■ Work order: Where in the records does the word "CrtYd" occur? Copy each line in which it does.

### Entries supplied ###

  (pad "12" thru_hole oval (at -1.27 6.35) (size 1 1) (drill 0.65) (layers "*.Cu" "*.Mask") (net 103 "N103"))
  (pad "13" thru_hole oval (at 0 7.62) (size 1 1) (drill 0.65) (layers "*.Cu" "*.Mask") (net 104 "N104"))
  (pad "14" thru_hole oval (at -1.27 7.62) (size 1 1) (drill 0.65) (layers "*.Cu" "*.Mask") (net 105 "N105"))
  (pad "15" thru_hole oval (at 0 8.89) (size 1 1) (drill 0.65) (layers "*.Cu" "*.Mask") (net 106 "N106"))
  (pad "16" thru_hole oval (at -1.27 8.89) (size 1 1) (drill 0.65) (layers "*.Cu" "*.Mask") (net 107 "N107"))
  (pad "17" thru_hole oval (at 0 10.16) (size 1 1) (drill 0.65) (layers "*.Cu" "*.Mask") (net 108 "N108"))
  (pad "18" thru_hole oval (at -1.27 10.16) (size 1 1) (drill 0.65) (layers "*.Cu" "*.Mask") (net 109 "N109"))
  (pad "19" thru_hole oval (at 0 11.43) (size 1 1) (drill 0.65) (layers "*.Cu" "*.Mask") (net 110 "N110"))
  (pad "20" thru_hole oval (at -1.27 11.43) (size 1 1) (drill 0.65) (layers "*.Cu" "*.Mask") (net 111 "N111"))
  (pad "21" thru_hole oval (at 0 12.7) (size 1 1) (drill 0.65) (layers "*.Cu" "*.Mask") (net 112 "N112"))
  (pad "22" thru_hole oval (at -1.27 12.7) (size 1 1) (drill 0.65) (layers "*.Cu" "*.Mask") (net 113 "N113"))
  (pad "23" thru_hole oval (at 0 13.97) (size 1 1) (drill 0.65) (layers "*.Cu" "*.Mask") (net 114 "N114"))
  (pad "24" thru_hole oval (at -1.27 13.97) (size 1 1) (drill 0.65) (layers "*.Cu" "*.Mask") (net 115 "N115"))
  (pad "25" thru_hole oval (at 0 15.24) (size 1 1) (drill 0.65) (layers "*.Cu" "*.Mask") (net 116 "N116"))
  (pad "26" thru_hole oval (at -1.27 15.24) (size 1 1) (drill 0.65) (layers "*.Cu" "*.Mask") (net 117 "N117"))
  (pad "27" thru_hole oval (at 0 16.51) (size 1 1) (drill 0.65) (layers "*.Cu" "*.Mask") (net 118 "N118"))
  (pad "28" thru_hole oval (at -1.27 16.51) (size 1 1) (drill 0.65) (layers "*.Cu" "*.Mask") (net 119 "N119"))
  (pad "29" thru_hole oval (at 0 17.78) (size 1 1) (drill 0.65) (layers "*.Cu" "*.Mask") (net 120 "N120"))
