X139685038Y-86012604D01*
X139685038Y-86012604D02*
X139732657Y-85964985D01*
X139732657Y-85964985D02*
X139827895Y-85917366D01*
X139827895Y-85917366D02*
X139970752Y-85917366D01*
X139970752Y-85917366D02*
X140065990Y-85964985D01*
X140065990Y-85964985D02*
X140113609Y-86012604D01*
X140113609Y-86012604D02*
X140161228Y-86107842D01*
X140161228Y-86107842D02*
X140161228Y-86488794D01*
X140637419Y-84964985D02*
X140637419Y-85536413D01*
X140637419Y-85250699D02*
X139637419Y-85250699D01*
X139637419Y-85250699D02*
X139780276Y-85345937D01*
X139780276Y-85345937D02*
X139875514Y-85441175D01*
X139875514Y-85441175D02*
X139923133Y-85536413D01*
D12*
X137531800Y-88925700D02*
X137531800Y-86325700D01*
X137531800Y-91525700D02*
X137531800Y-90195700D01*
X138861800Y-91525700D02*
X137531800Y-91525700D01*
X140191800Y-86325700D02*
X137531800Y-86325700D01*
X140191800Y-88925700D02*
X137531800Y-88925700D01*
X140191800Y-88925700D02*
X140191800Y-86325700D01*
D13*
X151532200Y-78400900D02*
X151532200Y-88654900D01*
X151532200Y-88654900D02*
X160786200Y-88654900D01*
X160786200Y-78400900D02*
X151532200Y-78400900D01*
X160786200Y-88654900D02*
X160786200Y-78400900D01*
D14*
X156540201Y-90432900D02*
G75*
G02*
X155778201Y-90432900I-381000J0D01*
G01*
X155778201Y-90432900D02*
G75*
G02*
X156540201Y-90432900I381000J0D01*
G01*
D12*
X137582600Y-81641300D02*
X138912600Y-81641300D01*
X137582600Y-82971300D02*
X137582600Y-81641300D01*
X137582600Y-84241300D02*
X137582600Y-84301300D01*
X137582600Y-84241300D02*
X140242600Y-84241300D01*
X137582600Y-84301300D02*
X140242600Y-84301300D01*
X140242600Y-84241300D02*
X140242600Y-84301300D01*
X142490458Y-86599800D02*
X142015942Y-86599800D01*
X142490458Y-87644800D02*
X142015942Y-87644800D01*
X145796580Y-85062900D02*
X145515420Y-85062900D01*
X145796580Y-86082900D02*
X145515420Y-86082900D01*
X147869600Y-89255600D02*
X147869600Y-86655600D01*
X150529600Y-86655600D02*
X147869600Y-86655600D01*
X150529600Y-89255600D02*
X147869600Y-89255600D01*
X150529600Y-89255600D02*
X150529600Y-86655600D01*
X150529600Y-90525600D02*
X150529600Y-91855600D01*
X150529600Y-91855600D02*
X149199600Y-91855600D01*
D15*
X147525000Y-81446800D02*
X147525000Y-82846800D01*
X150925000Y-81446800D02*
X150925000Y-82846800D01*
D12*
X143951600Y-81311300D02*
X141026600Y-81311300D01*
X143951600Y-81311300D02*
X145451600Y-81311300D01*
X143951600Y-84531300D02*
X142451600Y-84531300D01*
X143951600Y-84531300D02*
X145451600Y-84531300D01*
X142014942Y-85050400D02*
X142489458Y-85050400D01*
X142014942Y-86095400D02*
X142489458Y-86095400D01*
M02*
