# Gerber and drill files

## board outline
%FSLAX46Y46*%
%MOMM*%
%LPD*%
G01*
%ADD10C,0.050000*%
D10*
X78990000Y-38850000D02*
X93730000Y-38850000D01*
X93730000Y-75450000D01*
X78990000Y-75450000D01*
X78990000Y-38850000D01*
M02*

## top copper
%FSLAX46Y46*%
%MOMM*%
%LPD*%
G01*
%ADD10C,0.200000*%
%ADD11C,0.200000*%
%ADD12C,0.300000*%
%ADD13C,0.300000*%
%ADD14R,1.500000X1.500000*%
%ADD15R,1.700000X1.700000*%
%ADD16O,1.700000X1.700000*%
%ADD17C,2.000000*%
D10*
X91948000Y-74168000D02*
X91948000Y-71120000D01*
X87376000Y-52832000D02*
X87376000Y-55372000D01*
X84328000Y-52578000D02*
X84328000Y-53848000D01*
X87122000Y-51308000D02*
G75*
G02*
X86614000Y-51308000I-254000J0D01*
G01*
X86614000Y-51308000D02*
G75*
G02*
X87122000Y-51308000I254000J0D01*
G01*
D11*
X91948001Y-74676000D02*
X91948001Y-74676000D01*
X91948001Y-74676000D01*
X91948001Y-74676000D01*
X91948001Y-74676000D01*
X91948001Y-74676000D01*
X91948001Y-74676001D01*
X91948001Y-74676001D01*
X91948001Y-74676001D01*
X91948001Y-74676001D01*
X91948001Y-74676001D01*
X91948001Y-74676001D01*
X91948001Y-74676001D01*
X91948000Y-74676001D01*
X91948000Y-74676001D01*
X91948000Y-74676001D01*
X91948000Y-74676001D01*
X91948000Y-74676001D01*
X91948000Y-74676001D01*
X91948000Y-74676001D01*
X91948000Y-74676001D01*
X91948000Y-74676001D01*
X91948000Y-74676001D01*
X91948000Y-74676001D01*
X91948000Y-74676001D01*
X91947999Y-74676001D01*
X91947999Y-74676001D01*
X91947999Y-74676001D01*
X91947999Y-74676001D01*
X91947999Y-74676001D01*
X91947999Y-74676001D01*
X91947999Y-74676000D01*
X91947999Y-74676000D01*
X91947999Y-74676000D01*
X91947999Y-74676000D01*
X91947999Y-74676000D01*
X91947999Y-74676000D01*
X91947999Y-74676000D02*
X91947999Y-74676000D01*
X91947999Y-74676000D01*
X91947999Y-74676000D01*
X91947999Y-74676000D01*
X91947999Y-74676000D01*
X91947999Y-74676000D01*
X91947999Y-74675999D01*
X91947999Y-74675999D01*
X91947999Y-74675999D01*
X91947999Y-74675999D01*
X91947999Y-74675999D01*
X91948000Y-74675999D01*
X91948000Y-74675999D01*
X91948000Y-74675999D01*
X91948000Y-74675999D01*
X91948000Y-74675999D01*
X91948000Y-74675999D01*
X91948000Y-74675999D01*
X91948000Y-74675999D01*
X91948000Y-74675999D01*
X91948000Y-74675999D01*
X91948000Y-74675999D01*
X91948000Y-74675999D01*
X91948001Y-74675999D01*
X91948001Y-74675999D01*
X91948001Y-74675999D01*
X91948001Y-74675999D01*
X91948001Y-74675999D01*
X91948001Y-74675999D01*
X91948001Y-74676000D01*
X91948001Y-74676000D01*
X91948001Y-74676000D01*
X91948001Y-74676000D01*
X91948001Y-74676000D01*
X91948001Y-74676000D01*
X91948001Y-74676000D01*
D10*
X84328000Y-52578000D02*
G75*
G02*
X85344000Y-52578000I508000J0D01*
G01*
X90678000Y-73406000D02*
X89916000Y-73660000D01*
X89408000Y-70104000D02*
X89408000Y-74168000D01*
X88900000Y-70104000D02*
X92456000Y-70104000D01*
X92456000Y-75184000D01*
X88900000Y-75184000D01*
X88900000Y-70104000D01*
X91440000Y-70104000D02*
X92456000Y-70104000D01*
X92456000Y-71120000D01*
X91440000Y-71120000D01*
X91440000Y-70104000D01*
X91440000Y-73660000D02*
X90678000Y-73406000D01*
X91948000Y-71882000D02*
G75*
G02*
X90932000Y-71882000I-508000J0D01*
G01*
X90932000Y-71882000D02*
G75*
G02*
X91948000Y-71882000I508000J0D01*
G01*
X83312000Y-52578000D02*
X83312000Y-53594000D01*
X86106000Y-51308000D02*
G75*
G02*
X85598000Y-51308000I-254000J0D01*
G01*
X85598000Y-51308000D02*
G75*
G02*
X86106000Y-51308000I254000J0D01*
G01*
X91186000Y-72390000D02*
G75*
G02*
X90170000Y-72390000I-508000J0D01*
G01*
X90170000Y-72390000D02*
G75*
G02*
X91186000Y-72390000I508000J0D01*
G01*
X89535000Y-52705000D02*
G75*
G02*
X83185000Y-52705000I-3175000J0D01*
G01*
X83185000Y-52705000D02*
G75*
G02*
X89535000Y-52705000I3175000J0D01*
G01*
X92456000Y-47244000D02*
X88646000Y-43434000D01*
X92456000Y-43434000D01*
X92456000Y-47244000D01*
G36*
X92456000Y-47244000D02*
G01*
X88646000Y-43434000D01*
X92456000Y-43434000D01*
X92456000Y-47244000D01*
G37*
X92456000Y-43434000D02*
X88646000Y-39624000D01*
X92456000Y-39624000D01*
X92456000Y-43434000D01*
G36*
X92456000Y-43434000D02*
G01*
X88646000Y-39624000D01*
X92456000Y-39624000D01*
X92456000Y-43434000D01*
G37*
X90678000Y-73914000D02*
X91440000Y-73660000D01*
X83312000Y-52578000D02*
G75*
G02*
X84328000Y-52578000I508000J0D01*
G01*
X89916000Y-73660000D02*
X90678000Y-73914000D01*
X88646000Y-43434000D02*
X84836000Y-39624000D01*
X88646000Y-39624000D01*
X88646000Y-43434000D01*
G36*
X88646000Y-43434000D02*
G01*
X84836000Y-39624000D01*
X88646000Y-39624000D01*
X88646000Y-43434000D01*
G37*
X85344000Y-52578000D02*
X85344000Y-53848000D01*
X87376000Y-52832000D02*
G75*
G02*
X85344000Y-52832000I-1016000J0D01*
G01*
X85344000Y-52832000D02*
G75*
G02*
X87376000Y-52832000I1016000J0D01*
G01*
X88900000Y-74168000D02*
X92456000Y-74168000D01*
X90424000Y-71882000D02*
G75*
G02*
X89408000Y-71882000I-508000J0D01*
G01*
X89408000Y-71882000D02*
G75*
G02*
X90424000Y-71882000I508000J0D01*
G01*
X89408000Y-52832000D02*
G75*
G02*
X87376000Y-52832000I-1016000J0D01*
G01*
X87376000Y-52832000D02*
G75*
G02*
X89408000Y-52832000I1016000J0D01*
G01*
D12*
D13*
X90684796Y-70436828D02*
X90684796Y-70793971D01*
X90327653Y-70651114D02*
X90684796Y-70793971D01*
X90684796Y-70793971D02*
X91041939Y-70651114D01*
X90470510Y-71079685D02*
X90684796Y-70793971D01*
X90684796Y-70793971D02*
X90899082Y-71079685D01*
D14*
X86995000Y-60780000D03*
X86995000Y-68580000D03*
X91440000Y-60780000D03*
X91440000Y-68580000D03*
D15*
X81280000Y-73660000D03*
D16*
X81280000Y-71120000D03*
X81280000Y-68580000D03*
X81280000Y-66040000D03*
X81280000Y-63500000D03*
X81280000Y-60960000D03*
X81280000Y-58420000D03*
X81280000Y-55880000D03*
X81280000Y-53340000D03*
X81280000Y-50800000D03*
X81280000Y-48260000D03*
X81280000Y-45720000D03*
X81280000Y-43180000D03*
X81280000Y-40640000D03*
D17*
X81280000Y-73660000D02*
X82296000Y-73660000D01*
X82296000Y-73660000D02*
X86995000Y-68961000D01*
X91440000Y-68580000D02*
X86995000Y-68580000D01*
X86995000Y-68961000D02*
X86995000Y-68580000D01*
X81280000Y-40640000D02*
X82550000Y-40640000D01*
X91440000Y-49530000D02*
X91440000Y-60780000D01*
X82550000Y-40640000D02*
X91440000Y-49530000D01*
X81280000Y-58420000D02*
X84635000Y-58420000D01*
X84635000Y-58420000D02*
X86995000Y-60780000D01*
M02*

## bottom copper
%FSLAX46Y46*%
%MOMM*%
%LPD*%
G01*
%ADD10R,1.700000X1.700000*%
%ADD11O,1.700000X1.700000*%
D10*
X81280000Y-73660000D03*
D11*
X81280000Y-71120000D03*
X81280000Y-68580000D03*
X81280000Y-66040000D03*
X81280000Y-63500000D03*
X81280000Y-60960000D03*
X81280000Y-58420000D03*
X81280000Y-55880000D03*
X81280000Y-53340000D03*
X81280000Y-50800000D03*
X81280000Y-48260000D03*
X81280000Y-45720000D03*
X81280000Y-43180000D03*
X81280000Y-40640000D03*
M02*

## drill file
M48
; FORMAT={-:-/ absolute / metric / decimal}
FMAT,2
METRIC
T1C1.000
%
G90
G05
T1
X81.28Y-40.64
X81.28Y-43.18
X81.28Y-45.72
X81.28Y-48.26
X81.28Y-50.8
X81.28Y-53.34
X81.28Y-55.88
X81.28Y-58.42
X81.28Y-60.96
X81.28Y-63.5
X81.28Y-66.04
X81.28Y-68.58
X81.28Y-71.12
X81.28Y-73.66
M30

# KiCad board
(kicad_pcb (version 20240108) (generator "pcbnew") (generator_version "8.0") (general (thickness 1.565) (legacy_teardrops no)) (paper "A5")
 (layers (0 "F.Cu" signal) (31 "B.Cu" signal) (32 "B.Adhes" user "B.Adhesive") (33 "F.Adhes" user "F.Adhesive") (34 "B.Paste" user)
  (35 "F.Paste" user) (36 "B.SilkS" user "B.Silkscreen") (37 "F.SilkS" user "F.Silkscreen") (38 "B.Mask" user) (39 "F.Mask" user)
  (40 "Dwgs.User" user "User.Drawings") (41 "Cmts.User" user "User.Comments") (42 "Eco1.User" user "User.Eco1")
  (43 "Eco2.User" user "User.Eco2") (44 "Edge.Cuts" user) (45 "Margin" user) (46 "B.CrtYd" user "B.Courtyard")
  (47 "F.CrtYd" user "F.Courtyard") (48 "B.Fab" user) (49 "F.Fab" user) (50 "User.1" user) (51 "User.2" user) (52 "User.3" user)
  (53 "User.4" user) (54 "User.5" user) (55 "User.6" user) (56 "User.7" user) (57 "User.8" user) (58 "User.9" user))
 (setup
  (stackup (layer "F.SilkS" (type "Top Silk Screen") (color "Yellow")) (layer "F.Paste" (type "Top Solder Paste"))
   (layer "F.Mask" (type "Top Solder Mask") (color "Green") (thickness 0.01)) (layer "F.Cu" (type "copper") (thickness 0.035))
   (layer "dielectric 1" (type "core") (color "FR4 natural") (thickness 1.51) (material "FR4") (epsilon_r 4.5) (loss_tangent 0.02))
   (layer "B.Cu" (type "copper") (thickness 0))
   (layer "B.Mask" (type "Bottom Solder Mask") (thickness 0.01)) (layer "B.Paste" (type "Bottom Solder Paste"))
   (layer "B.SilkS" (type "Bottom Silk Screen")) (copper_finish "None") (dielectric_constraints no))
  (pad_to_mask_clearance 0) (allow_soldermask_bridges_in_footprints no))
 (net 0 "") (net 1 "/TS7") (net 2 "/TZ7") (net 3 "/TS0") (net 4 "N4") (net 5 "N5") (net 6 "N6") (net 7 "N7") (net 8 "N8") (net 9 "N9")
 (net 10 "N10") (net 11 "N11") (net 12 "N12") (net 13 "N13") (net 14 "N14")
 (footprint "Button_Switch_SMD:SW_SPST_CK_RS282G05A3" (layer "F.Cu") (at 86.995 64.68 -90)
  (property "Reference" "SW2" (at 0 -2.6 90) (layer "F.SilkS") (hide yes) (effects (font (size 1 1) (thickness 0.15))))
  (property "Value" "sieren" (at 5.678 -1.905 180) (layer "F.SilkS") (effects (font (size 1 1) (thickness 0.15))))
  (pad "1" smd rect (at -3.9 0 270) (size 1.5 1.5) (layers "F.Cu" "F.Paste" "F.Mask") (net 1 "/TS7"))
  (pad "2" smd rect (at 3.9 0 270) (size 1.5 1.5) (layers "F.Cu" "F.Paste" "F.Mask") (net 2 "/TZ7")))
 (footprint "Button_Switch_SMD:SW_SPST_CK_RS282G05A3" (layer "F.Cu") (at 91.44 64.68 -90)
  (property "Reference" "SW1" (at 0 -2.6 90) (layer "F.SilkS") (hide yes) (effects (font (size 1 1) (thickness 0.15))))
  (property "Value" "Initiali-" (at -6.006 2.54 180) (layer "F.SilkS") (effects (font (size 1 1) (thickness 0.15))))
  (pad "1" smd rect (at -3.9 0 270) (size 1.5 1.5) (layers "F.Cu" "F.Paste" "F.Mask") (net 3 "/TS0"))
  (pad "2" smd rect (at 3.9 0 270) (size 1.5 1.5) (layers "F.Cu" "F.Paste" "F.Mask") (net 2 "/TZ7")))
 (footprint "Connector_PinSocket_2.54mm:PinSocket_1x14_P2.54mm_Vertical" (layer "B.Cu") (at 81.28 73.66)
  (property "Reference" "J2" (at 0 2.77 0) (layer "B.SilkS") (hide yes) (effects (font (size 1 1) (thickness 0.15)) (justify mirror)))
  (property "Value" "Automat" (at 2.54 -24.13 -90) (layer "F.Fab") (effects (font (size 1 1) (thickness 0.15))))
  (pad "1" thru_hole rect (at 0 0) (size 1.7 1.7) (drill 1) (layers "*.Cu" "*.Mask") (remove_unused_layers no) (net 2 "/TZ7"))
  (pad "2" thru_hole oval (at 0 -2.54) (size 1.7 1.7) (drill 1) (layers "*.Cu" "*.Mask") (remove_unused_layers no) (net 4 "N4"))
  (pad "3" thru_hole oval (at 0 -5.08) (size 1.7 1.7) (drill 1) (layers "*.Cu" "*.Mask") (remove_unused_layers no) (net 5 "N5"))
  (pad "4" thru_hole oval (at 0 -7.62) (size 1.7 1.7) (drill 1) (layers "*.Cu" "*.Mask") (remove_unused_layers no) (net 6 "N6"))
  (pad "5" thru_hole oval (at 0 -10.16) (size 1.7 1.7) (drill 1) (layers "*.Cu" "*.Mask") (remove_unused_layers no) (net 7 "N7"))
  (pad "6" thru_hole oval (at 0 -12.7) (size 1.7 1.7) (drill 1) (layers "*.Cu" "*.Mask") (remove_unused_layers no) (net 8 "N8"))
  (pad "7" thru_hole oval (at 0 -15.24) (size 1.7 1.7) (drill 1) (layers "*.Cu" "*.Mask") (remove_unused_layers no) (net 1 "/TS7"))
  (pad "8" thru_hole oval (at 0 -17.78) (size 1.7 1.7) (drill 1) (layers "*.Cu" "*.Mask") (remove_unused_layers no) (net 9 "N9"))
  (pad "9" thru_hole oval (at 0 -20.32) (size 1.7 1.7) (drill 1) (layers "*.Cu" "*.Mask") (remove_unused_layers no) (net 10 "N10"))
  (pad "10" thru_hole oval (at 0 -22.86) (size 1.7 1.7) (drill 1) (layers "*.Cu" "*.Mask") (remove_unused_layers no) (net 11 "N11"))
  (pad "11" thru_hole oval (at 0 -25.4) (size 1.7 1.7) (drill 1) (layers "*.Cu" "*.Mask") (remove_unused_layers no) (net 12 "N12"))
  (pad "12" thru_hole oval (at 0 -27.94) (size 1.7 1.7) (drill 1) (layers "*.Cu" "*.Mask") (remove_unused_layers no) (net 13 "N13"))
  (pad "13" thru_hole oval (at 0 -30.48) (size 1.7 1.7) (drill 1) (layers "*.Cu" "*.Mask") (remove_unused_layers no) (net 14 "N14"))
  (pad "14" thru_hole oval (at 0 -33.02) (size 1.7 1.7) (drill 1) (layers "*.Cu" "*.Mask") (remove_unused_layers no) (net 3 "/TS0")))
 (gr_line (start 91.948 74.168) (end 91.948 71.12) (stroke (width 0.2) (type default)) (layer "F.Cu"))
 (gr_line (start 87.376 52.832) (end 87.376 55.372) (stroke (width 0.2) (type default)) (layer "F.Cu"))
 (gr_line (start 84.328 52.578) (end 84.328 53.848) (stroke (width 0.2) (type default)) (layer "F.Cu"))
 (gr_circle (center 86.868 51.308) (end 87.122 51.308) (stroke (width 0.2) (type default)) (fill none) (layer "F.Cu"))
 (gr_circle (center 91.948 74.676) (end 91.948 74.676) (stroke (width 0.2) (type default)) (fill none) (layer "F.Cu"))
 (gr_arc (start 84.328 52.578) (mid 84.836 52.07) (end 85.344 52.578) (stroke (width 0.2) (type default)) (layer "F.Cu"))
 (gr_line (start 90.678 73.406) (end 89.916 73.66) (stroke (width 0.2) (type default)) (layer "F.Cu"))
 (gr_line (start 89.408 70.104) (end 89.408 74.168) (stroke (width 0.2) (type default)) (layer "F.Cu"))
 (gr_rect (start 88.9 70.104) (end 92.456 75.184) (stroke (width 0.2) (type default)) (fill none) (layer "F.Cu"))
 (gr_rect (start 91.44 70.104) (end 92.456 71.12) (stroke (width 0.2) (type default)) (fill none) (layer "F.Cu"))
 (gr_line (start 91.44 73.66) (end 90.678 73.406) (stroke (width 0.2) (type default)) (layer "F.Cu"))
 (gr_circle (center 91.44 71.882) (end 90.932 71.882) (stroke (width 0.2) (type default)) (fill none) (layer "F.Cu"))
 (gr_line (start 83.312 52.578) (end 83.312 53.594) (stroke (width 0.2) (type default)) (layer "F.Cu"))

###

■ Answer area:
  (43 "Eco2.User" user "User.Eco2") (44 "Edge.Cuts" user) (45 "Margin" user) (46 "B.CrtYd" user "B.Courtyard")
  (47 "F.CrtYd" user "F.Courtyard") (48 "B.Fab" user) (49 "F.Fab" user) (50 "User.1" user) (51 "User.2" user) (52 "User.3" user)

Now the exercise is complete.